VEDDER, DAVID, a lyric poet of considerable originality, the son of a small proprietor near Kirkwall, was born in the parish of Burness, Orkney, in 1790. He received an ordinary education at the parish school. Left an orphan, at the age of twelve, he became a cabin-boy on board of a small coasting vessel, and when only eighteen years of age was promoted to the rank of mate. Within two years after, he got command of a ship, in which he made several voyages to Greenland and other places. Thereafter he entered the revenue service as first officer of an armed cruiser, and in 1820 he was appointed tide-surveyor of customs. In this capacity he was employed, successively, at the ports of Montrose, Kirkcaldy, Dundee, and Leith.
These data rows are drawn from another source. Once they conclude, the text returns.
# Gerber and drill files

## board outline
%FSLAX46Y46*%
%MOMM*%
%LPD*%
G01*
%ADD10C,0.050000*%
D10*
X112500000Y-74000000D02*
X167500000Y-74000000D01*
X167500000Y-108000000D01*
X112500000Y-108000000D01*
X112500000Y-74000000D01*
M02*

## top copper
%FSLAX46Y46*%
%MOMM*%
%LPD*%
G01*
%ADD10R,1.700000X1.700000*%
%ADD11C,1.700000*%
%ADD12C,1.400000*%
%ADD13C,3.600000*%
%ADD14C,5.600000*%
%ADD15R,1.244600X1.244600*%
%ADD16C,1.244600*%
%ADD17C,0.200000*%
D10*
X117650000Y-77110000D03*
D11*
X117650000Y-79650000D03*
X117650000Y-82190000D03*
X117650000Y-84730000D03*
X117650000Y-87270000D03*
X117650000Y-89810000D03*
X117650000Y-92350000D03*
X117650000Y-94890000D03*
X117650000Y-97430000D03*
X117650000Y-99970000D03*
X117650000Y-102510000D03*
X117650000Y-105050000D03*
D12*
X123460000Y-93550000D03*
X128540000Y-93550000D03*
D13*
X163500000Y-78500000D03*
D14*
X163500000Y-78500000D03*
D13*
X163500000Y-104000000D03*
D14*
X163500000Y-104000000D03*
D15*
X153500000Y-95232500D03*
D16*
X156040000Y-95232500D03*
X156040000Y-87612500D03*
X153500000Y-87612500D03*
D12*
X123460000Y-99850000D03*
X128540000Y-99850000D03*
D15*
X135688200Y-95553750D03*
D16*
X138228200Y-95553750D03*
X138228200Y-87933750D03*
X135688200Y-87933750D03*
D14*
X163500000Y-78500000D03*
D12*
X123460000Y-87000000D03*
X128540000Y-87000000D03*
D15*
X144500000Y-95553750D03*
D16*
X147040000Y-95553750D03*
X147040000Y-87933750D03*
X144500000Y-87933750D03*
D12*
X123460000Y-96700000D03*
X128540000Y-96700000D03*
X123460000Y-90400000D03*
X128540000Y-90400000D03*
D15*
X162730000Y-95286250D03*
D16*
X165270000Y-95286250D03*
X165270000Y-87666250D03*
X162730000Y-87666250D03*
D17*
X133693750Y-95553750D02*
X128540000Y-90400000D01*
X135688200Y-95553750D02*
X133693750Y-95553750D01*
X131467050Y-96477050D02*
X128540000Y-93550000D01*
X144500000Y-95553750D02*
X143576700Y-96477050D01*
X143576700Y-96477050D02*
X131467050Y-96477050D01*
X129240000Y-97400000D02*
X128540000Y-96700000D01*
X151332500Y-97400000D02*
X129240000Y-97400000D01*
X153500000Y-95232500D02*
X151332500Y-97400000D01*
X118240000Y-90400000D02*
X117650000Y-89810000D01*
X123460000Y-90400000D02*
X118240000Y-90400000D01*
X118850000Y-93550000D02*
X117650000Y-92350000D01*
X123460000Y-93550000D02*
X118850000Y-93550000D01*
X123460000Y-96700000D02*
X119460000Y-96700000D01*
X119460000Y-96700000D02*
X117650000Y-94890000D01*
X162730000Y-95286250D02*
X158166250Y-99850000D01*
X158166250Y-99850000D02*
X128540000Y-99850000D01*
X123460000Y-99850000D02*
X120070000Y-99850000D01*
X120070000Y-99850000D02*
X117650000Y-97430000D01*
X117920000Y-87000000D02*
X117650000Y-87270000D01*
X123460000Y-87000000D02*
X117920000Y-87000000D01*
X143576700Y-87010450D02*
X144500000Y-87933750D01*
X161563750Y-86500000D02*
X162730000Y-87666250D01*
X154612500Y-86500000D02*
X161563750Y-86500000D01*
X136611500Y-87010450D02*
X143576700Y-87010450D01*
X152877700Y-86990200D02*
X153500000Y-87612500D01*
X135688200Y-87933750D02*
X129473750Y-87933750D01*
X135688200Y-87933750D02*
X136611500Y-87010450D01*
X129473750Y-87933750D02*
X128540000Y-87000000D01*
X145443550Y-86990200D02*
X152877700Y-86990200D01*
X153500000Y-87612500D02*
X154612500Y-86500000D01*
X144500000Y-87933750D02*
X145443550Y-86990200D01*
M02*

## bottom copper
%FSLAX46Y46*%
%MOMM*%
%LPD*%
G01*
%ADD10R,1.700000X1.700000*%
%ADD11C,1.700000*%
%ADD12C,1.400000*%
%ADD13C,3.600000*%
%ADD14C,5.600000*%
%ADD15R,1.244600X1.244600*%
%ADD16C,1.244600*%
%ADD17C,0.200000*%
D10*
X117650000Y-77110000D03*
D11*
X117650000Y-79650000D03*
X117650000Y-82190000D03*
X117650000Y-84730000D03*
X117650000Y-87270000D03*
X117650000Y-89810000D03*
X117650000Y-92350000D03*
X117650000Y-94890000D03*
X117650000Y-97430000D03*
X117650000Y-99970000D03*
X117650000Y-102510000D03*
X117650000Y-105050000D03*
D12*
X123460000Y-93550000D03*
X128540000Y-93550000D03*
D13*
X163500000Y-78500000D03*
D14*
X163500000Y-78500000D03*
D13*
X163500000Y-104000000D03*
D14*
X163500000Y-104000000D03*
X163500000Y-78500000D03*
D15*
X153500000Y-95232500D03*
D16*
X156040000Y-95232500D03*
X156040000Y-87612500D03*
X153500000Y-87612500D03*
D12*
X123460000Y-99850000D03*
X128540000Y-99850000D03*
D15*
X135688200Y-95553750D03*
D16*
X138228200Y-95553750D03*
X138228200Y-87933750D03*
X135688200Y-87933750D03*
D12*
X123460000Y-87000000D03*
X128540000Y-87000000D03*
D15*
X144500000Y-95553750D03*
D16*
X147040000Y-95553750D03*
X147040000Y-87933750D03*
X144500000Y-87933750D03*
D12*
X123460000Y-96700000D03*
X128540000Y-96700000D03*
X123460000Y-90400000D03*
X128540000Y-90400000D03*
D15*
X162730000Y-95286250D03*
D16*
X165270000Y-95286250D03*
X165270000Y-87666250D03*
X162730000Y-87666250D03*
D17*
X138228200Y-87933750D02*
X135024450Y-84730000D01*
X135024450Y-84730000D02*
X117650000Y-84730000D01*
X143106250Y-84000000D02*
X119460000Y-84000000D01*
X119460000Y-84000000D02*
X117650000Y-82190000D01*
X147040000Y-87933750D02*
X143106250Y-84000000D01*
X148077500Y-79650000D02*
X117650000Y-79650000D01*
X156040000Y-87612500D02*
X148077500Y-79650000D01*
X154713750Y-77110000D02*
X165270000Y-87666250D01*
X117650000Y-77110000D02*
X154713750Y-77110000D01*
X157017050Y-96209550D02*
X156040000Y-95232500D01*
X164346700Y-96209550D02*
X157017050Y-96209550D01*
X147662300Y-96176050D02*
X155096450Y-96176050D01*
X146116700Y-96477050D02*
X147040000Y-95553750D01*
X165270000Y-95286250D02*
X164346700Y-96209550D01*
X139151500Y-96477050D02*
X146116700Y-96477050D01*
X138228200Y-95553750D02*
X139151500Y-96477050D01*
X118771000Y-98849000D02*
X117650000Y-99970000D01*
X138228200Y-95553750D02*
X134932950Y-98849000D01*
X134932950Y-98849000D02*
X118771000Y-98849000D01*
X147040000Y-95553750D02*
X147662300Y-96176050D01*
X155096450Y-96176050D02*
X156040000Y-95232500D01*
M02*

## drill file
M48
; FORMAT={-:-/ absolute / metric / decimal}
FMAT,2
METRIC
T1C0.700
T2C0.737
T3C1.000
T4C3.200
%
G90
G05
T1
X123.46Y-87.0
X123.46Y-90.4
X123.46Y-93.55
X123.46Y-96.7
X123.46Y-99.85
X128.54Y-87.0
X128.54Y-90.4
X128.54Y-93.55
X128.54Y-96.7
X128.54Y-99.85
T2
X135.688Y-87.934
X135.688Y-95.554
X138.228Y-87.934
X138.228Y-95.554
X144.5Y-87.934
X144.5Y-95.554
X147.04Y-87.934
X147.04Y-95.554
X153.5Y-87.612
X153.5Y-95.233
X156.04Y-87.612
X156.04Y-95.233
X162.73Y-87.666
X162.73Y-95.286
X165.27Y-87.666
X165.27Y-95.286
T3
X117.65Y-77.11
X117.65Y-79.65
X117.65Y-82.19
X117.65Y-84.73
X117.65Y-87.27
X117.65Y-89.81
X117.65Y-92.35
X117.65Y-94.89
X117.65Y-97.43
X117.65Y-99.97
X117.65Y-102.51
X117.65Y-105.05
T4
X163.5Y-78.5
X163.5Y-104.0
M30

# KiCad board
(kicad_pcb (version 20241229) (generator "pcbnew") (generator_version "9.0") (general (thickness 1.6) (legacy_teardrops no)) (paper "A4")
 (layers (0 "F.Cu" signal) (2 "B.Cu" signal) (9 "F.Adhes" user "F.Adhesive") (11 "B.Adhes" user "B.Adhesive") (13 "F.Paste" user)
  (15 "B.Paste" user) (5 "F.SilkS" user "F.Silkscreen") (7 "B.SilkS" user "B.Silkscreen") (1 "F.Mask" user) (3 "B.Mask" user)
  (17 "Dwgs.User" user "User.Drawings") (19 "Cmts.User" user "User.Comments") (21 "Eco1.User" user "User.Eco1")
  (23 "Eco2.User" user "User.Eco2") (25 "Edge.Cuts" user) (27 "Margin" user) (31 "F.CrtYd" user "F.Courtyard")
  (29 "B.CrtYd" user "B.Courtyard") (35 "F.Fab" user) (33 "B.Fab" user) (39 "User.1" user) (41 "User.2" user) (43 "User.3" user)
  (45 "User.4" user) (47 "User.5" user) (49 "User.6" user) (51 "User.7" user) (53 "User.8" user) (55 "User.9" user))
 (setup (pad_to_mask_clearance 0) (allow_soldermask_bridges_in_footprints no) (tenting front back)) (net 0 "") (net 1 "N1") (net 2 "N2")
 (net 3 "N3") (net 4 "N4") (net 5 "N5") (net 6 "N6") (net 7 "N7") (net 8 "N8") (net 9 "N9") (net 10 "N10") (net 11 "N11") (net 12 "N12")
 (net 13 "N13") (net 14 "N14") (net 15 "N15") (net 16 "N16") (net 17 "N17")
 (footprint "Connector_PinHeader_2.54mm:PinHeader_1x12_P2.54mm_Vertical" (layer "F.Cu") (at 117.65 77.11)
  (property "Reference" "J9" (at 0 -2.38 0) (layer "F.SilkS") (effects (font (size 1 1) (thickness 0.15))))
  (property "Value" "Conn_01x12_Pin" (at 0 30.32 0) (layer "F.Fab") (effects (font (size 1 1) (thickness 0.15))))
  (pad "1" thru_hole rect (at 0 0) (size 1.7 1.7) (drill 1) (layers "*.Cu" "*.Mask") (remove_unused_layers no) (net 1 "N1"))
  (pad "2" thru_hole circle (at 0 2.54) (size 1.7 1.7) (drill 1) (layers "*.Cu" "*.Mask") (remove_unused_layers no) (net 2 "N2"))
  (pad "3" thru_hole circle (at 0 5.08) (size 1.7 1.7) (drill 1) (layers "*.Cu" "*.Mask") (remove_unused_layers no) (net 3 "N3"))
  (pad "4" thru_hole circle (at 0 7.62) (size 1.7 1.7) (drill 1) (layers "*.Cu" "*.Mask") (remove_unused_layers no) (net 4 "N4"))
  (pad "5" thru_hole circle (at 0 10.16) (size 1.7 1.7) (drill 1) (layers "*.Cu" "*.Mask") (remove_unused_layers no) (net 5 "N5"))
  (pad "6" thru_hole circle (at 0 12.7) (size 1.7 1.7) (drill 1) (layers "*.Cu" "*.Mask") (remove_unused_layers no) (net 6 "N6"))
  (pad "7" thru_hole circle (at 0 15.24) (size 1.7 1.7) (drill 1) (layers "*.Cu" "*.Mask") (remove_unused_layers no) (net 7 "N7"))
  (pad "8" thru_hole circle (at 0 17.78) (size 1.7 1.7) (drill 1) (layers "*.Cu" "*.Mask") (remove_unused_layers no) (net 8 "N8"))
  (pad "9" thru_hole circle (at 0 20.32) (size 1.7 1.7) (drill 1) (layers "*.Cu" "*.Mask") (remove_unused_layers no) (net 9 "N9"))
  (pad "10" thru_hole circle (at 0 22.86) (size 1.7 1.7) (drill 1) (layers "*.Cu" "*.Mask") (remove_unused_layers no) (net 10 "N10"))
  (pad "11" thru_hole circle (at 0 25.4) (size 1.7 1.7) (drill 1) (layers "*.Cu" "*.Mask") (remove_unused_layers no) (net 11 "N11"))
  (pad "12" thru_hole circle (at 0 27.94) (size 1.7 1.7) (drill 1) (layers "*.Cu" "*.Mask") (remove_unused_layers no) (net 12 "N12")))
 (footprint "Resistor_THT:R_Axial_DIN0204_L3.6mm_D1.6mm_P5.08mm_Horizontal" (layer "F.Cu") (at 123.46 93.55)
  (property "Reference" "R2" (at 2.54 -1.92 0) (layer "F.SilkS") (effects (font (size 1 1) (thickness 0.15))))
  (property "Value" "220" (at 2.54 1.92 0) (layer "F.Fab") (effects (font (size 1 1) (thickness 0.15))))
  (pad "1" thru_hole circle (at 0 0) (size 1.4 1.4) (drill 0.7) (layers "*.Cu" "*.Mask") (remove_unused_layers no) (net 7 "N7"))
  (pad "2" thru_hole circle (at 5.08 0) (size 1.4 1.4) (drill 0.7) (layers "*.Cu" "*.Mask") (remove_unused_layers no) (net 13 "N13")))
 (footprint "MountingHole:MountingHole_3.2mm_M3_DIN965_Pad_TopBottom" (layer "F.Cu") (at 163.5 78.5)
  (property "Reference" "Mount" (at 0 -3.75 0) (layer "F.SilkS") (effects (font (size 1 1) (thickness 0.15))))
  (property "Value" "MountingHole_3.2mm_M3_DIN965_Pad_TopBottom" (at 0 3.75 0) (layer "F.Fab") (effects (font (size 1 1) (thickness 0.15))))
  (pad "1" thru_hole circle (at 0 0) (size 3.6 3.6) (drill 3.2) (layers "*.Cu" "*.Mask") (remove_unused_layers no) (zone_connect 2))
  (pad "1" connect circle (at 0 0) (size 5.6 5.6) (layers "F.Cu" "F.Mask") (zone_connect 2))
  (pad "1" connect circle (at 0 0) (size 5.6 5.6) (layers "B.Cu" "B.Mask") (zone_connect 2)))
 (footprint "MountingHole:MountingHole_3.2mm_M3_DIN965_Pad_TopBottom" (layer "F.Cu") (at 163.5 104)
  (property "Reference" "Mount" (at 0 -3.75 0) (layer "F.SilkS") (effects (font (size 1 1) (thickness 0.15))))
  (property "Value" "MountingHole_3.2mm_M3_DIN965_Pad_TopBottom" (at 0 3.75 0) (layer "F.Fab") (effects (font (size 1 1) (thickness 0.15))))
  (pad "1" thru_hole circle (at 0 0) (size 3.6 3.6) (drill 3.2) (layers "*.Cu" "*.Mask") (remove_unused_layers no) (zone_connect 2))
He had early begun to cultivate poetry, and at the age of twenty-one, his first poem appeared in one of the Magazines. Various other pieces of his appeared at intervals in the periodical press, and in 1826 he ventured on the publication of a volume, entitled ‘The Covenanters’ Communion, and other Poems.’ This was issued by Blackwood, at Edinburgh, and the sale was so rapid that it was very speedily out of print. His next work was his ‘Orcanian Sketches,’ published by Tait, consisting of prose and verse, and portraying several passages of his own life. His ‘Life of Sir Walter Scott,’ his next production, was much read and admired, as was also his volume of ‘Ballads and Lyrics.’ In 1841 he published his collected pieces, in one volume, under the title of ‘Poems – Legendary, Lyrical, and Descriptive.’ Many of his lyrics were set to music with or without his consent. In 1848 he furnished the descriptive matter for a work entitled ‘Lays and Lithographs,’ issued by his son-in-law. Mr. Frederick Schenk, lithographer of Edinburgh. His last work was ‘Reynard the Fox,’ a spirited adaptation from the famous German fable of that name, embellished with illustrations. He furnished additions to George Thomson’s ‘Musical Miscellany,’ poetry to the ‘Christian Herald,’ edited by the Rev. Dr. Gardner, songs to the ‘Book of Scottish Song,’ and to ‘Whistle Binkie,’ the two latter Glasgow publications. He likewise wrote the greater part of the letterpress for Geikie’s popular volume of ‘Etchings.’

Mr. Vedder retired from active duty in 1852, and died at Edinburgh, Feb. 11, 1854, aged 63.